__EXERCISE REQUIREMENTS__.
Every line from the one with "X204912283Y-102938383D01*" to the end of the data needs to be copied exactly, and no line before it.

>>

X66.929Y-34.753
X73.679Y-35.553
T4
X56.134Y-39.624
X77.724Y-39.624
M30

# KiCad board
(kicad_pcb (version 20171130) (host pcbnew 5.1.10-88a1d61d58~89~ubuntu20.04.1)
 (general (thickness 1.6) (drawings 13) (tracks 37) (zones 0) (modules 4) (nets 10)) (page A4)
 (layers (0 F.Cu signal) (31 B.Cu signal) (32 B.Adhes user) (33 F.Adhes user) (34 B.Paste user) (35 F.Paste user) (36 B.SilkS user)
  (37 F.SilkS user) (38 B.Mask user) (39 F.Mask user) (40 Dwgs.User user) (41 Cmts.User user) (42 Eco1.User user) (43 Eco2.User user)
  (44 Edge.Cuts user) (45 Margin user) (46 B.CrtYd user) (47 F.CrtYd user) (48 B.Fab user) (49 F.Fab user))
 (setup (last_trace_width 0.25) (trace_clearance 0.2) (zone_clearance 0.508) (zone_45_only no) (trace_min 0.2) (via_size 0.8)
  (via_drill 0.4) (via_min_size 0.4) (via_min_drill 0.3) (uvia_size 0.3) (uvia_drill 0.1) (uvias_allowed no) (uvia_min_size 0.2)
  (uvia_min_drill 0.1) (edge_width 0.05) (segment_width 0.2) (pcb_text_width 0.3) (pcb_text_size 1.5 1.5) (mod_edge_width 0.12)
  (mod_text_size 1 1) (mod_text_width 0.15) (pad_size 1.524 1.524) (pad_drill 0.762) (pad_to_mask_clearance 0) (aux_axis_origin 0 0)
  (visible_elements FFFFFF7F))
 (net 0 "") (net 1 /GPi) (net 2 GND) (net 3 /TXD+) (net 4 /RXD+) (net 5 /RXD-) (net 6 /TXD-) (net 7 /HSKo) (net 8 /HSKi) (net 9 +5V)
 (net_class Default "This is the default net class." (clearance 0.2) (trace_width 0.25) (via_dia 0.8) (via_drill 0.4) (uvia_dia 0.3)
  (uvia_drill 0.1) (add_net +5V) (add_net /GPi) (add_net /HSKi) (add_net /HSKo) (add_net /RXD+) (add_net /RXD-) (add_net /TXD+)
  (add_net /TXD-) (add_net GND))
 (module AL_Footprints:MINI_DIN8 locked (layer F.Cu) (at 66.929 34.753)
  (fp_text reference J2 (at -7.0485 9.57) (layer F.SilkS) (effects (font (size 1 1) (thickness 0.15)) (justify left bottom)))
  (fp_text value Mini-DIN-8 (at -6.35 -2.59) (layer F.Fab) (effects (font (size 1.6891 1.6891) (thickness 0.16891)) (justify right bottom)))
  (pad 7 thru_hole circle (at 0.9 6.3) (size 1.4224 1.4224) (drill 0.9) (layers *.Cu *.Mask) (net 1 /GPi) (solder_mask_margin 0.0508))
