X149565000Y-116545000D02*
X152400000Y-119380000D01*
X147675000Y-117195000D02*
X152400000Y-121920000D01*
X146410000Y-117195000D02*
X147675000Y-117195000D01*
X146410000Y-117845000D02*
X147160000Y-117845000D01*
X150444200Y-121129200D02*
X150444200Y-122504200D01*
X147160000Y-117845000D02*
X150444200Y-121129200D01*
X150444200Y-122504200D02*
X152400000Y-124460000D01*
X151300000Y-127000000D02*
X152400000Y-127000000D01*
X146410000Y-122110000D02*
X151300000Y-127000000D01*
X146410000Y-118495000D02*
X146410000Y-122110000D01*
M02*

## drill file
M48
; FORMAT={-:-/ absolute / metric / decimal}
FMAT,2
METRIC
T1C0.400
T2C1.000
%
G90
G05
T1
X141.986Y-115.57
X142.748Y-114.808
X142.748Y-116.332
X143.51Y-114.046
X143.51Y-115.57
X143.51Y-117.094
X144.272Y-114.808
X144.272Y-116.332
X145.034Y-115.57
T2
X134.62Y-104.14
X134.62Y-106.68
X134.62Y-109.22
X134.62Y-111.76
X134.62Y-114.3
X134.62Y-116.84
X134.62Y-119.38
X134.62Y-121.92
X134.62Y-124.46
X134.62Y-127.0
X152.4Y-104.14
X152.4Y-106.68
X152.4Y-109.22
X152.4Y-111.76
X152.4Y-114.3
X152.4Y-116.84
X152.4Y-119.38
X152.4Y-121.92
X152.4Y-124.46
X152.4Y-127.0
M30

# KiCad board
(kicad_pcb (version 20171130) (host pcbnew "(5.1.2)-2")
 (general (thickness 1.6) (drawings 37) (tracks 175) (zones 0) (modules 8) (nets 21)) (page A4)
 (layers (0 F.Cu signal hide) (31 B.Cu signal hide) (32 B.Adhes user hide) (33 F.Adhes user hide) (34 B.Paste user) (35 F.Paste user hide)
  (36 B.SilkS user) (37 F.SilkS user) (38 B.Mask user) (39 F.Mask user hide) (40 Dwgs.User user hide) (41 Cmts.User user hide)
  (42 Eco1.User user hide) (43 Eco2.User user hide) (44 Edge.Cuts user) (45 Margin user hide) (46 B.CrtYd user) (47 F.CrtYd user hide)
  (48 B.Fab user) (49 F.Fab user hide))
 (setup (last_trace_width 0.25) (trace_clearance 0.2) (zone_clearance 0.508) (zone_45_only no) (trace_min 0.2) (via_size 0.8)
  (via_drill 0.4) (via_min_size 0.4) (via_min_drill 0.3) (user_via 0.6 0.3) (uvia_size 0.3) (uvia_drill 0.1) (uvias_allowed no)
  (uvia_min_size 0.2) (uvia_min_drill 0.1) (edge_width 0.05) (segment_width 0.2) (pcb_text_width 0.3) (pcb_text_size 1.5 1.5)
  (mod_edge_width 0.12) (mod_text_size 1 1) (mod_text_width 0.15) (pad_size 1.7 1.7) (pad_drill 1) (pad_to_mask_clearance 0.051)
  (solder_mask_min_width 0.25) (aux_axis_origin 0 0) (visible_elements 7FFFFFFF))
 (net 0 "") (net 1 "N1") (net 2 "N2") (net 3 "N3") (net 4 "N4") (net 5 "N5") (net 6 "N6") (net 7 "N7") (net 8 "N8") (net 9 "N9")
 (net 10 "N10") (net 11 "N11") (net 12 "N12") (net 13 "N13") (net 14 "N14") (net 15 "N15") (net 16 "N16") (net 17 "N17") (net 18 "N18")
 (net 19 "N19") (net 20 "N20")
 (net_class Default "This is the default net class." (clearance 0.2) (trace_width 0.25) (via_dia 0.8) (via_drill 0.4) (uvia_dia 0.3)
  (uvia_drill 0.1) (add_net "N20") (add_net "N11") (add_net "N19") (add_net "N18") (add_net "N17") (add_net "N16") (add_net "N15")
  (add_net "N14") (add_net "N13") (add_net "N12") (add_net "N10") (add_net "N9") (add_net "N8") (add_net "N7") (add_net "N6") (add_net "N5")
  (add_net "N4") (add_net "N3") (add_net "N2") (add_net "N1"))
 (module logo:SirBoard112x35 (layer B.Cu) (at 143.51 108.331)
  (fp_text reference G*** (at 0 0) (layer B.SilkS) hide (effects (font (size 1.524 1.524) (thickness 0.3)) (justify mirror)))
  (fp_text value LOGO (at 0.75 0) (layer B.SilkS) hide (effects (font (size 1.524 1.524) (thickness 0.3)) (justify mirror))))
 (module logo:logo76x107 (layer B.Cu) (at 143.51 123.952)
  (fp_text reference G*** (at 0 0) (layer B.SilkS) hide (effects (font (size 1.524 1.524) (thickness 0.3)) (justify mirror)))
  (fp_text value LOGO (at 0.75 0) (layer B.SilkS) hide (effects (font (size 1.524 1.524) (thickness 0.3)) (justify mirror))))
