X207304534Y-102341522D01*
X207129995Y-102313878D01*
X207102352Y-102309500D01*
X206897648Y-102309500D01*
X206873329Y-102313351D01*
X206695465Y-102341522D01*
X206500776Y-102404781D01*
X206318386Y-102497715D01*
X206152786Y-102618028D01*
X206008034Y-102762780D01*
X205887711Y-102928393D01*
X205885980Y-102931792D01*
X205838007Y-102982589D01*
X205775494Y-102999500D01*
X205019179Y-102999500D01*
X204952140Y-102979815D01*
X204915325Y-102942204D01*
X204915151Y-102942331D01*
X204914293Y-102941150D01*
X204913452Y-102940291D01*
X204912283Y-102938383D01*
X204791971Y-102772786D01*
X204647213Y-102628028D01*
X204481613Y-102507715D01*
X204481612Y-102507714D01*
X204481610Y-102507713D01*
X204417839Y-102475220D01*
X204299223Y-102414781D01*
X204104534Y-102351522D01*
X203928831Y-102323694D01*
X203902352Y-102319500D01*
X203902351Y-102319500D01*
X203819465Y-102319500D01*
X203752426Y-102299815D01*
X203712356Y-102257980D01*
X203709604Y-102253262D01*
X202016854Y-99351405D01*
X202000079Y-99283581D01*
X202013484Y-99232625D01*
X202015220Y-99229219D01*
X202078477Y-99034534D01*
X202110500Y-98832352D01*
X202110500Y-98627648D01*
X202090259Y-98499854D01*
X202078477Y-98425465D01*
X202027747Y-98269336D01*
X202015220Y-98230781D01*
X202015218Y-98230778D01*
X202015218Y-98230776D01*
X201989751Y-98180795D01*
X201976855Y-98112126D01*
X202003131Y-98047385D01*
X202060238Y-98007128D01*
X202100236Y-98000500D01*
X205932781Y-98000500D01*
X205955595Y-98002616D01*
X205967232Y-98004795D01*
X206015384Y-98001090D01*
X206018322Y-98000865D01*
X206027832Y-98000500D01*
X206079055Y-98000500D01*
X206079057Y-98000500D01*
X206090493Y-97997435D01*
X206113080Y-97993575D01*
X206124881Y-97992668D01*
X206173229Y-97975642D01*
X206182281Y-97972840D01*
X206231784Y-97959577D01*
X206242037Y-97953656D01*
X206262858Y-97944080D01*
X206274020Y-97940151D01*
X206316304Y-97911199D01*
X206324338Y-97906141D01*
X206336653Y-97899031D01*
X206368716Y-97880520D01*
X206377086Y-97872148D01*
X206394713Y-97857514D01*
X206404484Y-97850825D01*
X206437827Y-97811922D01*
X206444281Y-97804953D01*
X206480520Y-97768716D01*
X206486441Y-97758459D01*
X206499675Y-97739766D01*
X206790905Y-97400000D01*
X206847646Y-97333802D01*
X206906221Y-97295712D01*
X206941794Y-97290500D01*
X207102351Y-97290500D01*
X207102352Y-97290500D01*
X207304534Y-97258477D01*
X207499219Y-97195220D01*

<<

__RESPONSE__.
X204912283Y-102938383D01*
X204791971Y-102772786D01*
X204647213Y-102628028D01*
X204481613Y-102507715D01*
X204481612Y-102507714D01*
X204481610Y-102507713D01*
X204417839Y-102475220D01*
X204299223Y-102414781D01*
X204104534Y-102351522D01*
X203928831Y-102323694D01*
X203902352Y-102319500D01*
X203902351Y-102319500D01*
X203819465Y-102319500D01*
X203752426Y-102299815D01*
X203712356Y-102257980D01*
X203709604Y-102253262D01*
X202016854Y-99351405D01*
X202000079Y-99283581D01*
X202013484Y-99232625D01*
X202015220Y-99229219D01*
X202078477Y-99034534D01*
X202110500Y-98832352D01*
X202110500Y-98627648D01*
X202090259Y-98499854D01*
X202078477Y-98425465D01*
X202027747Y-98269336D01*
X202015220Y-98230781D01*
X202015218Y-98230778D01*
X202015218Y-98230776D01*
X201989751Y-98180795D01*
X201976855Y-98112126D01*
X202003131Y-98047385D01*
X202060238Y-98007128D01*
X202100236Y-98000500D01*
X205932781Y-98000500D01*
X205955595Y-98002616D01*
X205967232Y-98004795D01*
X206015384Y-98001090D01*
X206018322Y-98000865D01*
X206027832Y-98000500D01*
X206079055Y-98000500D01*
X206079057Y-98000500D01*
X206090493Y-97997435D01*
X206113080Y-97993575D01*
X206124881Y-97992668D01*
X206173229Y-97975642D01*
X206182281Y-97972840D01*
X206231784Y-97959577D01*
X206242037Y-97953656D01*
X206262858Y-97944080D01*
X206274020Y-97940151D01*
X206316304Y-97911199D01*
X206324338Y-97906141D01*
X206336653Y-97899031D01*
X206368716Y-97880520D01*
X206377086Y-97872148D01*
X206394713Y-97857514D01*
X206404484Y-97850825D01*
X206437827Y-97811922D01*
X206444281Y-97804953D01*
X206480520Y-97768716D01*
X206486441Y-97758459D01*
X206499675Y-97739766D01*
X206790905Y-97400000D01*
X206847646Y-97333802D01*
X206906221Y-97295712D01*
X206941794Y-97290500D01*
X207102351Y-97290500D01*
X207102352Y-97290500D01*
X207304534Y-97258477D01*
X207499219Y-97195220D01*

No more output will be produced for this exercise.